Wednesday, October 4, 2023

A Reason for the Prohibition against Basar b'Cholov - Mixing Milk and Meat

Rabbinic tradition sees mitzvot as falling into one of three categories in regard to how rational they are. Mishpatim are rational and obvious – the mitzvot to not murder and to not steal fall into this category. Chukim, on the other hand, are mitzvot for which there is no rational explanation. Kashrut (dietary laws) are an example of this. Eidot are an intermediary category – they are commemorative mitzvot that are not immediately rational but commemorate an event in a way that does make easy rational sense. Eating matzah on Pesach is an example of this, since it commemorates the matzah the Jews leaving Egypt had to eat because they did not have time for the dough to leaven.

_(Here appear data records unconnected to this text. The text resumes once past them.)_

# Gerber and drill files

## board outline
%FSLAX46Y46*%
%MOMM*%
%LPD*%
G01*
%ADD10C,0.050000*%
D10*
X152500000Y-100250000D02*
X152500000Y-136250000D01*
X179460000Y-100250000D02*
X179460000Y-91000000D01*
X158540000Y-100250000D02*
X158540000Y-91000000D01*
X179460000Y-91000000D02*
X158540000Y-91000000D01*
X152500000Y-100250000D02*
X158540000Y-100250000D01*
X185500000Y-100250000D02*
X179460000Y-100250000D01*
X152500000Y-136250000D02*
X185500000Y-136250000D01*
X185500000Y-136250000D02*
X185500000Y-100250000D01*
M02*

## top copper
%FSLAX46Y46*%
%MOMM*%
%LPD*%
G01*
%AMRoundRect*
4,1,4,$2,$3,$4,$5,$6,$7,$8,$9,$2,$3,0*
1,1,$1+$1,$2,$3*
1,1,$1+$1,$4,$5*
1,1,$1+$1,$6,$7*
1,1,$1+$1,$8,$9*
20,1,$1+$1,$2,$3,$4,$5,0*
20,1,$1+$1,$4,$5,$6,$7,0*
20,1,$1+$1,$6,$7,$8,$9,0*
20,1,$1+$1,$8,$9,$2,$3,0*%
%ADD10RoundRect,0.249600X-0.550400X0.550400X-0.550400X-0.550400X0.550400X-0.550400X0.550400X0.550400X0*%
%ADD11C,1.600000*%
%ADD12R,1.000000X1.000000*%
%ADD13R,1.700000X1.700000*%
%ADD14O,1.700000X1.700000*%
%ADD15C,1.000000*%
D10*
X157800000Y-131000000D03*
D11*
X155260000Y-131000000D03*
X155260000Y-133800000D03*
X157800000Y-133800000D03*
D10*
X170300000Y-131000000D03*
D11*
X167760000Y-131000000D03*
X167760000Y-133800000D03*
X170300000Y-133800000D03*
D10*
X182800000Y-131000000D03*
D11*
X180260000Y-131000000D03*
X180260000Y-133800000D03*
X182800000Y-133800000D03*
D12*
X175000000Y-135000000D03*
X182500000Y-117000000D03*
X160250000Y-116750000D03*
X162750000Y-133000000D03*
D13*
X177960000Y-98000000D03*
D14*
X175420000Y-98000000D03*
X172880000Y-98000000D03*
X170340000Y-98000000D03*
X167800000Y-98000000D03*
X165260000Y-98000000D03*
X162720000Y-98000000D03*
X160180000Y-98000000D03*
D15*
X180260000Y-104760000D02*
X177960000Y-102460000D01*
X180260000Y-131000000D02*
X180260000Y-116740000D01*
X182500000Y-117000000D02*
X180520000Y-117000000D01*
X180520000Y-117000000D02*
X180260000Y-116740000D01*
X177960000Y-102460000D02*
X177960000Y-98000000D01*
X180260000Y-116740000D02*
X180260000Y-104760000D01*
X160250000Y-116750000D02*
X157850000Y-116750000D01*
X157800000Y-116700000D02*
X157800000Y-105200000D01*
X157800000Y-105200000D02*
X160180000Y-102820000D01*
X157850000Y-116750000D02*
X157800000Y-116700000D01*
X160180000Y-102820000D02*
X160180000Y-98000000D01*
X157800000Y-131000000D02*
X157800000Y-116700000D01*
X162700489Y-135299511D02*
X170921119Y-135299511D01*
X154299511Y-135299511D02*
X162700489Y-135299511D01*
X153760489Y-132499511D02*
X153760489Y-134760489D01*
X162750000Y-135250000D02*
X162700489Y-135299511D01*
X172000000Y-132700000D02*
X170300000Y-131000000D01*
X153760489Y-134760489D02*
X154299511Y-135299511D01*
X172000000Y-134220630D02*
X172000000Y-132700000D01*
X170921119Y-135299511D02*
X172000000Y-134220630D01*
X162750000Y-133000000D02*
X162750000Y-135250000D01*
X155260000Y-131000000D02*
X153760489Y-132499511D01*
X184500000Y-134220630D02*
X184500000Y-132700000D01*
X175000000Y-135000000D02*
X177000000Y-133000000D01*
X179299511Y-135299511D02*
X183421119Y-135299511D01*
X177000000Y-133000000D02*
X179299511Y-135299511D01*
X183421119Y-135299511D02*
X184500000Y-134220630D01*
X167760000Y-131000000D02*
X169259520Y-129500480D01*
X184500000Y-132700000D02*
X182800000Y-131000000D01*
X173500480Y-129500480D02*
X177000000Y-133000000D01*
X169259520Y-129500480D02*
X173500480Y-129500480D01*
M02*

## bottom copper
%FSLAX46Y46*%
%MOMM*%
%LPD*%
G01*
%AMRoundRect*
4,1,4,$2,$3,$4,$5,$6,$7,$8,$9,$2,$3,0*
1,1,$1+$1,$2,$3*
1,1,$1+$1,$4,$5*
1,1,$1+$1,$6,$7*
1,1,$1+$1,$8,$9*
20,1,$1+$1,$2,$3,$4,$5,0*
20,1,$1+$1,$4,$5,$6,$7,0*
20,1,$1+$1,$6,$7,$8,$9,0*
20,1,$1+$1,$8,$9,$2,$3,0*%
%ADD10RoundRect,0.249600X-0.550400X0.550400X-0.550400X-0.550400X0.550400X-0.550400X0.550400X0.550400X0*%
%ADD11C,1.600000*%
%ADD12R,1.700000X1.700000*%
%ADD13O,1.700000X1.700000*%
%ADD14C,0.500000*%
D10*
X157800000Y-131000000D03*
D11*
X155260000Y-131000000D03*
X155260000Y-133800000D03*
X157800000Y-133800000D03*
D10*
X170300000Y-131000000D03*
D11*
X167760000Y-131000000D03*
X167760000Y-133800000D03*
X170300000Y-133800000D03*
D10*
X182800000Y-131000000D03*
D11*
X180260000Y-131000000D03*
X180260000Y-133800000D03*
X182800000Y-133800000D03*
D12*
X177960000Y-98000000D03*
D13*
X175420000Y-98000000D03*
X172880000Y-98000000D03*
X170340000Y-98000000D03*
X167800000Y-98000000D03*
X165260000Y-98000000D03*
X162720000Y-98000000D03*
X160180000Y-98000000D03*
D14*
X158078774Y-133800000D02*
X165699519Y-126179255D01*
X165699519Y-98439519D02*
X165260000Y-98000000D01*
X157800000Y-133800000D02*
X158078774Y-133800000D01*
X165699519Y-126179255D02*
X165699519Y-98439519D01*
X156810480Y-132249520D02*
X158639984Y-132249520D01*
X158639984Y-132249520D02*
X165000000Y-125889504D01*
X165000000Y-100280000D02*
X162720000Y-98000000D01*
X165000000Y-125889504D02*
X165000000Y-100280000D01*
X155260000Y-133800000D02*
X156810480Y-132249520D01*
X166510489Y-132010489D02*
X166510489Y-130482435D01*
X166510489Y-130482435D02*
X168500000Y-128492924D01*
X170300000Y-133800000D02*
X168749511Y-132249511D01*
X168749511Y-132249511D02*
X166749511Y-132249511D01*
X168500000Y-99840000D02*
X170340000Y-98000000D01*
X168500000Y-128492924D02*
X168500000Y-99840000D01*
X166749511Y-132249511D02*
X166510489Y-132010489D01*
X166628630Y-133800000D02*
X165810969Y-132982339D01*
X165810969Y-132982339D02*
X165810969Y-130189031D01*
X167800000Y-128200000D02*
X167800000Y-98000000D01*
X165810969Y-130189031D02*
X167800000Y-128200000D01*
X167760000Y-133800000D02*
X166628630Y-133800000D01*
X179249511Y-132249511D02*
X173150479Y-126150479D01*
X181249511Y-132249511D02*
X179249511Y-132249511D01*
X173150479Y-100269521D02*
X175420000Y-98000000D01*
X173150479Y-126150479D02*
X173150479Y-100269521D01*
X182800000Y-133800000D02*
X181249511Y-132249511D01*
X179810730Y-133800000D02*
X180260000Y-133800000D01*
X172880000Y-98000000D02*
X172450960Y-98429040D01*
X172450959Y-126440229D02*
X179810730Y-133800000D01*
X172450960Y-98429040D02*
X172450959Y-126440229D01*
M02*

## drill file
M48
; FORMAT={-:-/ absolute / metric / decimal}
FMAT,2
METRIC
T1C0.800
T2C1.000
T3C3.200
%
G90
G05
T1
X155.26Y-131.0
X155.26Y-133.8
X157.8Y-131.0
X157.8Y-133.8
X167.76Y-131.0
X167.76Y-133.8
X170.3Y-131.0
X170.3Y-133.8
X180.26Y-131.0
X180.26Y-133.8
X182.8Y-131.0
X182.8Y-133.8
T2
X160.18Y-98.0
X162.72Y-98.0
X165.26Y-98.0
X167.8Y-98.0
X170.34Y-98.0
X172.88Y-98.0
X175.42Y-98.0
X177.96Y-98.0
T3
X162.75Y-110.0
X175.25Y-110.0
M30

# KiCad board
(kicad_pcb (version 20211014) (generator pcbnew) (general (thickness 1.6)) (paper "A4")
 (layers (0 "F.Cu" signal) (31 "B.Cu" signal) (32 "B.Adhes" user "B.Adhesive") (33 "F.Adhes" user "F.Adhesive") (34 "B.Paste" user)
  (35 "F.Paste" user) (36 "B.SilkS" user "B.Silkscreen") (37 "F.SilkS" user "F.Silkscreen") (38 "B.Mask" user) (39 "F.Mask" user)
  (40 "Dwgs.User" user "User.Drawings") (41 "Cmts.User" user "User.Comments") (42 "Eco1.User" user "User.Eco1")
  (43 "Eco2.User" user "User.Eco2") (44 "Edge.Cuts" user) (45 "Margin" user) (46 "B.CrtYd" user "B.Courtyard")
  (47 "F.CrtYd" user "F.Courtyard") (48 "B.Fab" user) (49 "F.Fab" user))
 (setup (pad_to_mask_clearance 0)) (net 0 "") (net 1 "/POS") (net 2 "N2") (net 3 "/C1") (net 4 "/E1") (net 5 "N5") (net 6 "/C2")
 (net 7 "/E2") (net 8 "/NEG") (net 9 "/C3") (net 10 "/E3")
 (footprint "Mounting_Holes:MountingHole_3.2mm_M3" (layer "F.Cu") (at 162.75 110)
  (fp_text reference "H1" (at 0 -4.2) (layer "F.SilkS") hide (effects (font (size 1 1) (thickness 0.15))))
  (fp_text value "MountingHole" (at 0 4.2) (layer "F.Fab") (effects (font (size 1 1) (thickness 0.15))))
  (pad "" np_thru_hole circle locked (at 0 0) (size 3.2 3.2) (drill 3.2) (layers *.Cu *.Mask)))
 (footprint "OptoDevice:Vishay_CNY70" (layer "F.Cu") (at 157.8 131 -90)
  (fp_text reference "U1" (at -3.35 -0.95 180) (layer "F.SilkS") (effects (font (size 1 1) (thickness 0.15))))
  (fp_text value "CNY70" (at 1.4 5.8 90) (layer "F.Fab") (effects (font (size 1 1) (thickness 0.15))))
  (pad "1" thru_hole roundrect (at 0 0 270) (size 1.6 1.6) (drill 0.8) (layers *.Cu *.Mask) (roundrect_rratio 0.156) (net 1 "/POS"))
  (pad "2" thru_hole circle (at 0 2.54 270) (size 1.6 1.6) (drill 0.8) (layers *.Cu *.Mask) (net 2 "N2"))
  (pad "3" thru_hole circle (at 2.8 2.54 270) (size 1.6 1.6) (drill 0.8) (layers *.Cu *.Mask) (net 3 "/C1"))
  (pad "4" thru_hole circle (at 2.8 0 270) (size 1.6 1.6) (drill 0.8) (layers *.Cu *.Mask) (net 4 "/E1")))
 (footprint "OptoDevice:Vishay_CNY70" (layer "F.Cu") (at 170.3 131 -90)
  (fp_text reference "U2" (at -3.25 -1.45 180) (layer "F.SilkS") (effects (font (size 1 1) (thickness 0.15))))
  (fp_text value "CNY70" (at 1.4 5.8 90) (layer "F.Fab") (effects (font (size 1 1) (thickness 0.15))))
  (pad "1" thru_hole roundrect (at 0 0 270) (size 1.6 1.6) (drill 0.8) (layers *.Cu *.Mask) (roundrect_rratio 0.156) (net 2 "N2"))
  (pad "2" thru_hole circle (at 0 2.54 270) (size 1.6 1.6) (drill 0.8) (layers *.Cu *.Mask) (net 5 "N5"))
  (pad "3" thru_hole circle (at 2.8 2.54 270) (size 1.6 1.6) (drill 0.8) (layers *.Cu *.Mask) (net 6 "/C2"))
  (pad "4" thru_hole circle (at 2.8 0 270) (size 1.6 1.6) (drill 0.8) (layers *.Cu *.Mask) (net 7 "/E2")))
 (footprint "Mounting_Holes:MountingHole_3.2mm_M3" (layer "F.Cu") (at 175.25 110)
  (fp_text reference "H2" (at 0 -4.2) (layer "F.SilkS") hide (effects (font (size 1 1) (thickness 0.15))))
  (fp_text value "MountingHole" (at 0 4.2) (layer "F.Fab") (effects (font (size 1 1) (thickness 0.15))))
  (pad "" np_thru_hole circle locked (at 0 0) (size 3.2 3.2) (drill 3.2) (layers *.Cu *.Mask)))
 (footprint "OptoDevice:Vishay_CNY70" (layer "F.Cu") (at 182.8 131 -90)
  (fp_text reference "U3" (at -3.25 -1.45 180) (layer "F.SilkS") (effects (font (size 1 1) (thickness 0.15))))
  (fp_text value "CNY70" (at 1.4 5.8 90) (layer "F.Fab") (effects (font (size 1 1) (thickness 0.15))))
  (pad "1" thru_hole roundrect (at 0 0 270) (size 1.6 1.6) (drill 0.8) (layers *.Cu *.Mask) (roundrect_rratio 0.156) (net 5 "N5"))
  (pad "2" thru_hole circle (at 0 2.54 270) (size 1.6 1.6) (drill 0.8) (layers *.Cu *.Mask) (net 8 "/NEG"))
  (pad "3" thru_hole circle (at 2.8 2.54 270) (size 1.6 1.6) (drill 0.8) (layers *.Cu *.Mask) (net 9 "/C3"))
  (pad "4" thru_hole circle (at 2.8 0 270) (size 1.6 1.6) (drill 0.8) (layers *.Cu *.Mask) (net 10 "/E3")))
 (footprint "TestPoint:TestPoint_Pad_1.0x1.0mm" (layer "F.Cu") (at 175 135)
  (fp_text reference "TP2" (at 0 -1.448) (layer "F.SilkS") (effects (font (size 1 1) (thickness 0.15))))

However, just because there seems to be no rational explanation does not mean that many in the rabbinic tradition did not seek to find them for the chukim. The Rambam (Maimonides) taught that all of the mitzvos, even the chukim, have a rational basis – although for the chukim, this is not readily discernible. He attempts to find such explanations for many of them and encourages others to do likewise and even holds that when human reason fails, it merely means that the rational basis eludes our limited reason, not that the chok in question lacks a rational basis. (I am indebted to Rabbi Isadore Twersky, zt”l, the Talner Rebbe of Boston, who taught about this in classes I took in divinity school as we explored Moreh Nevuchim, the Guide to the Perplexed.)

Basar b’cholov, the prohibition of mixing meat and milk, is a chok and several explanations have been advanced for why this is commanded. The Rambam said that it was prohibited because cooking a kid in its mother’s milk was used in idol worship. Others proposed that it was prohibited because of health concerns or because it was considered cruel – and the cruelty is the reason I had always assumed. The seventh Lubavitcher rebbe compared it to kilayim, planting different species of plants together – we are taught not to mix different types of food together.

In learning the halachot of basar b’cholov, another reason presents itself to me. It is perhaps a particular lesson about cruelty. Abusive parents, rather than nurturing their children, in the process of raising them, pervert the parental duty to raise their children to be their own person. Instead of giving them the tools (including ethical and religious values) to become healthy adults, they use the children to meet their own narcissistic needs, not seeing them as persons created b’tzelem Elokim (in the image of G!d) in their own right. This process of abuse is very destructive and harms the abused children in ways that last long into their adulthood and usually their entire lives. Sexual abusers turn their children into sexual objects, parents who rage turn their children into emotional and/or physical punching bags, narcissists attempt to destroy their children’s innate personalities in order to make them images of themselves. In all of these cases (and other cases of parental abuse), the nurture, symbolized by milk, becomes instead an instrument of destruction, symbolized by cooking the child and ending its independent existence by making it food.

By observing the halachot of basar b’cholov, may parents be more mindful to embrace their holy opportunity for nurture and reject abuse of their children.